Afin de favoriser l’accès des fidèles à la richesse des dons de grâce dispensés par la sainte liturgie, la Constitution Sacrosanctum Concilium indiquait ainsi, dans une formule très efficace, la direction à suivre : « Que la saine tradition soit donc maintenue et que pourtant la voie reste ouverte à un progrès légitime » (SC 23).
Le pape Benoît XVI a saisi dans cette déclaration d’intention le « programme de réforme » des Pères conciliaires : « un équilibre entre la grande tradition liturgique du passé et celle de l’avenir », notant que « tradition et progrès sont souvent opposés de manière maladroite », alors qu’« en réalité, les deux concepts se rejoignent : la tradition est une réalité vivante, qui inclut donc en elle-même le principe du développement, du progrès. C’est comme dire que le fleuve de la tradition porte aussi sa source en lui-même et s’écoule vers son embouchure » (Discours aux participants du congrès promu par l’Athénée pontifical Saint-Anselme pour le 50e anniversaire de sa fondation, 6 mai 2011).
Le Concile affirme la légitimité de ce progrès, enraciné dans l’authentique Tradition, en distinguant dans la liturgie les « éléments immuables, institués divinement » des « éléments sujets à changement [qui] non seulement peuvent mais doivent être changés avec le temps, s’ils ont subi l’intrusion de quelque chose qui s’harmonise moins bien avec la nature intime de la liturgie ou s’ils sont devenus moins adaptés » (SC 21).
De tels changements se sont produits constamment au cours des siècles afin de permettre aux fidèles de participer avec fruit, à travers les actions rituelles, au Mystère pascal du Christ, fondement de la foi chrétienne. Le culte de l’Église s’est ainsi « incarné » dans les formes culturelles de chaque époque et a pu les influencer et même les transformer. La liturgie a donc été, pendant des siècles, une force motrice de l’évangélisation. Aujourd’hui, cette énergie doit être renouvelée dans la continuité de la Tradition catholique authentique et vivante, c’est-à-dire selon une dynamique visant à introduire les croyants à la plénitude de la vérité.

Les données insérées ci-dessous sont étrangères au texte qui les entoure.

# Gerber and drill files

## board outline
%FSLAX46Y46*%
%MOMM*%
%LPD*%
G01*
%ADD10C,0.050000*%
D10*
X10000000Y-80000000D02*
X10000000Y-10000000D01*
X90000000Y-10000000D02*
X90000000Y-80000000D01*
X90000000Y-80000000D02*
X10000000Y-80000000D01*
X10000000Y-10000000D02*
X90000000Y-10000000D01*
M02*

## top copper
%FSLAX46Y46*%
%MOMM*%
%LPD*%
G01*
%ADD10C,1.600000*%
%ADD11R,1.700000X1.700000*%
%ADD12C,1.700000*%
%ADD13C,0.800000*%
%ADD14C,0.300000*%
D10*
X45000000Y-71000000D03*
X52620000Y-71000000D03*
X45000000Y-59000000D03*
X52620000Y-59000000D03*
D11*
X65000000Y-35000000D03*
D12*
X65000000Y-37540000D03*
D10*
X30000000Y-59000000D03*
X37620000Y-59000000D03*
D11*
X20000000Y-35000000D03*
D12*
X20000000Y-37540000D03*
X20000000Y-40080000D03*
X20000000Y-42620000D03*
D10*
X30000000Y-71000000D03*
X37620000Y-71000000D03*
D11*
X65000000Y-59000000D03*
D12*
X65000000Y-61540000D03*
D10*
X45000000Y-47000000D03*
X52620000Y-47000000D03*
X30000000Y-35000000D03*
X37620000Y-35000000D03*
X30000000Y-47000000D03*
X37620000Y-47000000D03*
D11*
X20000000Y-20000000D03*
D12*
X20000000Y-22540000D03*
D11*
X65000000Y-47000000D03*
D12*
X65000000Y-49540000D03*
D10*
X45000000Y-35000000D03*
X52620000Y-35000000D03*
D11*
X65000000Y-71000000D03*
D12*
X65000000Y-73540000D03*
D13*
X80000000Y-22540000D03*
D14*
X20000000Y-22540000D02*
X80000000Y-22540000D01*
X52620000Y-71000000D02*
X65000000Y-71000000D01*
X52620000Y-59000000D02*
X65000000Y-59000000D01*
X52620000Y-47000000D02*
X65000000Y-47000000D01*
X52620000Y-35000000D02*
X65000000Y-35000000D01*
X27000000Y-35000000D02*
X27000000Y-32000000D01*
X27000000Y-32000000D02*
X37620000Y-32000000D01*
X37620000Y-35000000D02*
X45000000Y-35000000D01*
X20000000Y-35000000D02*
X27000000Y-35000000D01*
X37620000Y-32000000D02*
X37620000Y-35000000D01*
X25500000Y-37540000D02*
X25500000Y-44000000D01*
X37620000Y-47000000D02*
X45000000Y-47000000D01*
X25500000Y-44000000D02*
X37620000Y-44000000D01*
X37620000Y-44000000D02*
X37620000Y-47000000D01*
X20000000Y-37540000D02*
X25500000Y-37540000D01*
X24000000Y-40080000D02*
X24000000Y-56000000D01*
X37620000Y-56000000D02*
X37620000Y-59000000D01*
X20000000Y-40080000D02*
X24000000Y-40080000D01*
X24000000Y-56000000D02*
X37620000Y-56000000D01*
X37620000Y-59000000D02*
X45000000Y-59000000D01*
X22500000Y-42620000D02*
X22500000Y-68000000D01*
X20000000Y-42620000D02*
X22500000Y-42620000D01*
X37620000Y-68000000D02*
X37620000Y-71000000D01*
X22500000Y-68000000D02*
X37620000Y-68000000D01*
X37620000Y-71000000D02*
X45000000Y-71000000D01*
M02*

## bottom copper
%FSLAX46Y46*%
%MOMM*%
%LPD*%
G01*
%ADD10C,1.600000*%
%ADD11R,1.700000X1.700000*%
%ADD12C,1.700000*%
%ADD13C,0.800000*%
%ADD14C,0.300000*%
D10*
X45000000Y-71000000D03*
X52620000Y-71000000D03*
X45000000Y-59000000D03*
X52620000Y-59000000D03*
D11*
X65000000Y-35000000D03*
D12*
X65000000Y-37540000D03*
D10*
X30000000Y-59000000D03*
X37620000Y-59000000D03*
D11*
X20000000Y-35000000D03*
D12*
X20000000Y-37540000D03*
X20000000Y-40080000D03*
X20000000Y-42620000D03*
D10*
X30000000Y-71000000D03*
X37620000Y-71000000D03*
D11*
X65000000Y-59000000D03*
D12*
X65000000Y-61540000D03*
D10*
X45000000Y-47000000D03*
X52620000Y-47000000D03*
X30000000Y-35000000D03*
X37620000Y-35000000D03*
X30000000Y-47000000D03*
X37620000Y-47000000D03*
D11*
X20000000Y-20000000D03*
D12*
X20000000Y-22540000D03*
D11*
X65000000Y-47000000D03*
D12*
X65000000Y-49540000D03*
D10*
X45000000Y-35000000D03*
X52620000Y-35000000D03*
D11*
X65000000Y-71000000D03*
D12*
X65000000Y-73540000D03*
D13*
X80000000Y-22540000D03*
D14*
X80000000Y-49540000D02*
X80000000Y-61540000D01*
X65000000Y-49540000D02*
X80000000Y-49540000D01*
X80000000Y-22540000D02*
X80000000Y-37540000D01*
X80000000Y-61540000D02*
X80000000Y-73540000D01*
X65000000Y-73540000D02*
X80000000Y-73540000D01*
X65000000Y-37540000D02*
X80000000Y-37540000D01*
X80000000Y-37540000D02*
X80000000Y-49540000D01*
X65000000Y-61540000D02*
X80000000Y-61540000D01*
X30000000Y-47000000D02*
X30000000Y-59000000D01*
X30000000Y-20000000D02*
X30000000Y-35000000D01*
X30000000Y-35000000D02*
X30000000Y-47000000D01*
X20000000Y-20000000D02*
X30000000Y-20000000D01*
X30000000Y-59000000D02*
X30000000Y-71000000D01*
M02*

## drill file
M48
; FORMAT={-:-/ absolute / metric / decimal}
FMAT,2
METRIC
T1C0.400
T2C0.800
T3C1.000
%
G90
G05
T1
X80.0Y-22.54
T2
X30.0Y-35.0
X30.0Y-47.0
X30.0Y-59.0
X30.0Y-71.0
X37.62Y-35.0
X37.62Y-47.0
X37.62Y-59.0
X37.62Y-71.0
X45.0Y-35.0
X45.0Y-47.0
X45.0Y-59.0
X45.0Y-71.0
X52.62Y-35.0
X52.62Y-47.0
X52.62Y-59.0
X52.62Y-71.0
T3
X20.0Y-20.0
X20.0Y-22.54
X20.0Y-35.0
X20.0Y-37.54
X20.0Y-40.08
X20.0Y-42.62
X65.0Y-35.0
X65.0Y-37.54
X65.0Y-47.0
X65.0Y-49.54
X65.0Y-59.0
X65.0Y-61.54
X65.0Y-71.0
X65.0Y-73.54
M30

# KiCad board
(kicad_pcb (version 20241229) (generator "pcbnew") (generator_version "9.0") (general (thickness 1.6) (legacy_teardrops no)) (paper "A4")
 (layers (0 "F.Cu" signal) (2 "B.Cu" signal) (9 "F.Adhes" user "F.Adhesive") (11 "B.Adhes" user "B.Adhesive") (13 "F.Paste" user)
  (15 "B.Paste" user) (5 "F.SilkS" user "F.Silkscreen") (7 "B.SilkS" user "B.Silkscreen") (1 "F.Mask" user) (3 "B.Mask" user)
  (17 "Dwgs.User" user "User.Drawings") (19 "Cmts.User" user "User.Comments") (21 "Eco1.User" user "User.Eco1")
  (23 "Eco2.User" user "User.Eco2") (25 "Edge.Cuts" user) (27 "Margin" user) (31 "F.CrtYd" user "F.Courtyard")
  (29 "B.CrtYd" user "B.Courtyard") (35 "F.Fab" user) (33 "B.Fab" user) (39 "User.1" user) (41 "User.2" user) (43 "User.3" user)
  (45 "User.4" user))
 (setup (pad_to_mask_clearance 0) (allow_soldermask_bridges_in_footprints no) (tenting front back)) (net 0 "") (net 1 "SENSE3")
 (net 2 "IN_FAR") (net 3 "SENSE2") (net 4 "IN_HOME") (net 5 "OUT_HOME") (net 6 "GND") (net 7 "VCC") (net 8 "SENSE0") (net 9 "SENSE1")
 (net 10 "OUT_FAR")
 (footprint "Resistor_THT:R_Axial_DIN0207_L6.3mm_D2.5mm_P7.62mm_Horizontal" (layer "F.Cu") (at 45 71)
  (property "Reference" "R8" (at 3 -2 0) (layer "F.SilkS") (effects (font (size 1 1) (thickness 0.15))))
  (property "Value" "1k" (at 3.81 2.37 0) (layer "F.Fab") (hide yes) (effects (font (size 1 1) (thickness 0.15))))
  (pad "1" thru_hole circle (at 0 0) (size 1.6 1.6) (drill 0.8) (layers "*.Cu" "*.Mask") (remove_unused_layers no) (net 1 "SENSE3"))
  (pad "2" thru_hole circle (at 7.62 0) (size 1.6 1.6) (drill 0.8) (layers "*.Cu" "*.Mask") (remove_unused_layers no) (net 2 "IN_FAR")))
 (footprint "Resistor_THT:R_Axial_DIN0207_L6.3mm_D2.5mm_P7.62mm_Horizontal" (layer "F.Cu") (at 45 59)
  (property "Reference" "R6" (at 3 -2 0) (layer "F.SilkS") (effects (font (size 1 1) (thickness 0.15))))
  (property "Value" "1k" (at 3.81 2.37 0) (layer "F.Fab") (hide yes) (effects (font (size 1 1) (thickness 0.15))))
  (pad "1" thru_hole circle (at 0 0) (size 1.6 1.6) (drill 0.8) (layers "*.Cu" "*.Mask") (remove_unused_layers no) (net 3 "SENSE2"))
  (pad "2" thru_hole circle (at 7.62 0) (size 1.6 1.6) (drill 0.8) (layers "*.Cu" "*.Mask") (remove_unused_layers no) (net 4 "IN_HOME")))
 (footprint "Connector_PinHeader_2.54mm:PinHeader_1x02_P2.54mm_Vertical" (layer "F.Cu") (at 65 35)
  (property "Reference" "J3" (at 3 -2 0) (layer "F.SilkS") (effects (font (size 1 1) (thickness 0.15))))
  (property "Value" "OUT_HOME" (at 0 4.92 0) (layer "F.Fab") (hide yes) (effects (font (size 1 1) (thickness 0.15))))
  (pad "1" thru_hole rect (at 0 0) (size 1.7 1.7) (drill 1) (layers "*.Cu" "*.Mask") (remove_unused_layers no) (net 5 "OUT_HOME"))
  (pad "2" thru_hole circle (at 0 2.54) (size 1.7 1.7) (drill 1) (layers "*.Cu" "*.Mask") (remove_unused_layers no) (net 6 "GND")))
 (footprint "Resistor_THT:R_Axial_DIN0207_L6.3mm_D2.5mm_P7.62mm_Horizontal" (layer "F.Cu") (at 30 59)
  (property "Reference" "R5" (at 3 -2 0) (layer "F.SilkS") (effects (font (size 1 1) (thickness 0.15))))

Il est donc compréhensible que les Pères conciliaires aient recommandé que la révision des rites, lorsque « le bien de l’Église l’exige véritablement et certainement », soit accomplie en veillant à ce que « les formes nouvelles sortent organiquement des formes déjà existantes » (SC 23). Pour le bien de toute l’Église, toute réforme doit toujours être précédée d’une enquête théologique, historique et pastorale attentive (ibid.). Le magistère conciliaire appelle ainsi à éviter toute confusion parmi les fidèles, décourageant quiconque d’ajouter, de supprimer ou de modifier quoi que ce soit dans les matières liturgiques de sa propre initiative (cf. SC 22). Le progrès évoqué dans la Constitution conciliaire ne compromet en rien la communion ecclésiale ; il cherche plutôt à la confirmer et à la favoriser.

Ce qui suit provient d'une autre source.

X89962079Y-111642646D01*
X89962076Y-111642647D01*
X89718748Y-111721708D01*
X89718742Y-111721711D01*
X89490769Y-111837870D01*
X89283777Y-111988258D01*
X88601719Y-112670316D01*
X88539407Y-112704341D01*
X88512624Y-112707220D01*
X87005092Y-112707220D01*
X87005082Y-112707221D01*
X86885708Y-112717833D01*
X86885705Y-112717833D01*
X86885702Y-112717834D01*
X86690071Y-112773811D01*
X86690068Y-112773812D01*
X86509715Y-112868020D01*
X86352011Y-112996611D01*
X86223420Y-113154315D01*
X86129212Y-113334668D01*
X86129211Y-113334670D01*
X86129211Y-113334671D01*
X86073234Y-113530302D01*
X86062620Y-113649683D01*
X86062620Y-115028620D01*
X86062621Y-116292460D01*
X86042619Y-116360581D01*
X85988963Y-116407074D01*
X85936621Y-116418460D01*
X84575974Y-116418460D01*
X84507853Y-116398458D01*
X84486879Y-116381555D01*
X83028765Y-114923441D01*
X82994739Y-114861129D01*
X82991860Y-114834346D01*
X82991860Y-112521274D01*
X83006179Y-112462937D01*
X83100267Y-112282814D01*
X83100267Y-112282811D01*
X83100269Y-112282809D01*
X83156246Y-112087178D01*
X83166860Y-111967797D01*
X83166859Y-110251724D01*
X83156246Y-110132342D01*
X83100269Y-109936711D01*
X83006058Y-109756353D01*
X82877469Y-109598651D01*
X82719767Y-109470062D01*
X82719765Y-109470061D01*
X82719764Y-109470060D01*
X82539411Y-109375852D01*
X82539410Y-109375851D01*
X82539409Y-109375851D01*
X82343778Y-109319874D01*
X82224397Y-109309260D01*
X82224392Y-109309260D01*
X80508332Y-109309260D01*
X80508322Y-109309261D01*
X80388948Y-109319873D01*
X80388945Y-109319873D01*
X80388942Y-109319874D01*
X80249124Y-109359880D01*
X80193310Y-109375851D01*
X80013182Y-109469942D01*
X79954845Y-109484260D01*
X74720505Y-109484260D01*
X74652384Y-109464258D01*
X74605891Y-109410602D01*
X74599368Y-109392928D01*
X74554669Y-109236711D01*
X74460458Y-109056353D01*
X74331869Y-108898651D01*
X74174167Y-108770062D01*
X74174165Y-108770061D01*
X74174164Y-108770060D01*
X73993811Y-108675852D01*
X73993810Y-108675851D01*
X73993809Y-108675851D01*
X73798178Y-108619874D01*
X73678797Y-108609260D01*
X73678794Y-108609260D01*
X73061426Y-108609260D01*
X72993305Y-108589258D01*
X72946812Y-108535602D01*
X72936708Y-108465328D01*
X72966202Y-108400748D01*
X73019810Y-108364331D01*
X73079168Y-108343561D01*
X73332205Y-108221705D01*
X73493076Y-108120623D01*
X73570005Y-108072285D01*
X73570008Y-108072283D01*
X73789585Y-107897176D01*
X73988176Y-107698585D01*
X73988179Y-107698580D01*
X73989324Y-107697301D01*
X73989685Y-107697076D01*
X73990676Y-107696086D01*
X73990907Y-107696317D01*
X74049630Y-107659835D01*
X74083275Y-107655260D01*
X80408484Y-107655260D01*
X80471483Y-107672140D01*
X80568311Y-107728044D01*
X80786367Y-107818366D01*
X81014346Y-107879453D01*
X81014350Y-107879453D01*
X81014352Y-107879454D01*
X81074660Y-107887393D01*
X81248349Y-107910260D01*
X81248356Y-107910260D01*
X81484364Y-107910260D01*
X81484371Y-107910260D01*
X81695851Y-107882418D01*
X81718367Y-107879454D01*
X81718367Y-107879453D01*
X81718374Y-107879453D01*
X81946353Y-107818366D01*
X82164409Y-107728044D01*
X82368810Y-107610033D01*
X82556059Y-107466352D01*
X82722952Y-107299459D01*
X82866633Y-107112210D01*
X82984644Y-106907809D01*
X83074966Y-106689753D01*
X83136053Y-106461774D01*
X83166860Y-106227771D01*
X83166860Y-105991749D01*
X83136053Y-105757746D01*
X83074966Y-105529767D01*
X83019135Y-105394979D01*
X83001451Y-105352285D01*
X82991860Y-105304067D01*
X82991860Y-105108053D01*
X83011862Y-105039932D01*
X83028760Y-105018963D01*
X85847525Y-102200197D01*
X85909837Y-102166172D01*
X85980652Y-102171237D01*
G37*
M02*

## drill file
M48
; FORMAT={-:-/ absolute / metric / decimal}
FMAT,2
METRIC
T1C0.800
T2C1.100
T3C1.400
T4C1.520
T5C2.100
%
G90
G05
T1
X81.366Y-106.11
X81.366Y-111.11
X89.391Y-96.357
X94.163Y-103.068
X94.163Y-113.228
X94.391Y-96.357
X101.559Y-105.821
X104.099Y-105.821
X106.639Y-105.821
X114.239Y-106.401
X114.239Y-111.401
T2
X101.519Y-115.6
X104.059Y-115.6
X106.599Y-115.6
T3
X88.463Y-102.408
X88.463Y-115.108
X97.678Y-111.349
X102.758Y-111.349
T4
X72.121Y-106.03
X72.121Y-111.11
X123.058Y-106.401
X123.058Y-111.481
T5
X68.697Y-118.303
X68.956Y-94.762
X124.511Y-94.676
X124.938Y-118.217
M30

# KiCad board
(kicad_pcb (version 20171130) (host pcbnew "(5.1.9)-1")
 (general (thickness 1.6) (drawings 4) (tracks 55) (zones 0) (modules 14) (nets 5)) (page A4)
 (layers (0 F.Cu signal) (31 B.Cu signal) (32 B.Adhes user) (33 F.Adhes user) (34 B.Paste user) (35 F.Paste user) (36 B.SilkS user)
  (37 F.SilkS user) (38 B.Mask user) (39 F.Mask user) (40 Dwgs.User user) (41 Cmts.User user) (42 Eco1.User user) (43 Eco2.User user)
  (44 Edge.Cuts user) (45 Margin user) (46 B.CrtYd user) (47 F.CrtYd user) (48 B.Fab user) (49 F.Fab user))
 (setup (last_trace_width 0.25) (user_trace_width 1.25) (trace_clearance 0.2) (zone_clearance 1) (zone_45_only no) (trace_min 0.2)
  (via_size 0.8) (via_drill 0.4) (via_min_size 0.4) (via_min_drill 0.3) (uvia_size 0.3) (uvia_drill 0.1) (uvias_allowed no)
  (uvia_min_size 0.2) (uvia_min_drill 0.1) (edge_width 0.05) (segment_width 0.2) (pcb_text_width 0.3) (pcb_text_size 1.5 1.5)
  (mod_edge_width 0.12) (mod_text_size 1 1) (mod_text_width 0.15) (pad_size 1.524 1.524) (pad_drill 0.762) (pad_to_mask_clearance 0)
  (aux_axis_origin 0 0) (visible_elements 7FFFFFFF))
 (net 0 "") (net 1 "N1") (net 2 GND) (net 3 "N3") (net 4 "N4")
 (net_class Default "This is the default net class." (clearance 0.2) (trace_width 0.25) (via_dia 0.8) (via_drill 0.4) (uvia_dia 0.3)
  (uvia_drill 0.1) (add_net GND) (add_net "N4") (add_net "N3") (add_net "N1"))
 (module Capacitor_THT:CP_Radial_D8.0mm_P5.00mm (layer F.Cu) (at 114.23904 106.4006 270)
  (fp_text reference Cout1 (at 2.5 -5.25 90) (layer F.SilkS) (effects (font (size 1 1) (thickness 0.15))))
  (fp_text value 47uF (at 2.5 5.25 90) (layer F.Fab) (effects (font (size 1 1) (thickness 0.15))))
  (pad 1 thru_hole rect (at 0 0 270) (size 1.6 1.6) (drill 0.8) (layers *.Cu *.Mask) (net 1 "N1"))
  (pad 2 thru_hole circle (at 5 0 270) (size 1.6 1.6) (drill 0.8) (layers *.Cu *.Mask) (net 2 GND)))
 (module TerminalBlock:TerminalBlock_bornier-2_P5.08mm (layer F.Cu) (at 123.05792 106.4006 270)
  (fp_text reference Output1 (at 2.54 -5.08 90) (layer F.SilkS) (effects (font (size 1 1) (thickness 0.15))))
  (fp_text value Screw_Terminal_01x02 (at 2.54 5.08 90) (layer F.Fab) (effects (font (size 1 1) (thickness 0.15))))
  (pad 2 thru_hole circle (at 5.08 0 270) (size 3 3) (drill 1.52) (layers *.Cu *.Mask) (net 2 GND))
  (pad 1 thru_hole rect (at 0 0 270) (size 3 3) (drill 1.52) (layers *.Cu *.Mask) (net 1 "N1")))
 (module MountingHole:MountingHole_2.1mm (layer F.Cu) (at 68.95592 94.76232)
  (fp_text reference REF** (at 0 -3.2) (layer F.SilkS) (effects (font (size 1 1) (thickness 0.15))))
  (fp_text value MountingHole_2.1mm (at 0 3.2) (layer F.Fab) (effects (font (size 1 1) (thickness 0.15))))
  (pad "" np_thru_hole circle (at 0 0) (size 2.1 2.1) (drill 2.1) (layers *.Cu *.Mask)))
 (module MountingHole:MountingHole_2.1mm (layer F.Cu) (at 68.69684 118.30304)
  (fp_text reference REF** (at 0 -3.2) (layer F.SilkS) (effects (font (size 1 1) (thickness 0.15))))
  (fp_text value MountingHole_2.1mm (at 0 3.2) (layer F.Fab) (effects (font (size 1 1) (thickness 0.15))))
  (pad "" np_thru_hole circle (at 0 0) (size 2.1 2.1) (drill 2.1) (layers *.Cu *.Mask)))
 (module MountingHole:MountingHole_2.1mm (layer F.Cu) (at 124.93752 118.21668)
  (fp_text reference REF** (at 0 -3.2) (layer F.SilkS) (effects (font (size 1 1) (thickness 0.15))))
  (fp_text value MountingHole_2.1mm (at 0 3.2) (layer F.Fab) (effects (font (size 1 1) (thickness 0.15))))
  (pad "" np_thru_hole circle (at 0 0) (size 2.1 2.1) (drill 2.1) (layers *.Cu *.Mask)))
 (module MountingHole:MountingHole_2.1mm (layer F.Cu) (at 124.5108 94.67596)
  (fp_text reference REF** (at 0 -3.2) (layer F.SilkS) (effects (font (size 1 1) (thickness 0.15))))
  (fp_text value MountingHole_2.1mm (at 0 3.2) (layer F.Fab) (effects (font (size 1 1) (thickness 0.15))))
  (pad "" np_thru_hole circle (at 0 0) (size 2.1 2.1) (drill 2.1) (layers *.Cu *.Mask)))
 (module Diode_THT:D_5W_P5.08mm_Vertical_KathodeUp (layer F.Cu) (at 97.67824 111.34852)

J’exhorte donc tous ceux qui sont appelés à préparer la célébration des divins mystères, en particulier les prêtres qui exercent le ministère de la présidence liturgique, à toujours maintenir ce respect des textes et des normes liturgiques qui jaillit d’une attitude intérieure d’ouverture et de confiance en Dieu, manifestant l’humilité devant sa grandeur et une fidélité sincère à la communion ecclésiale.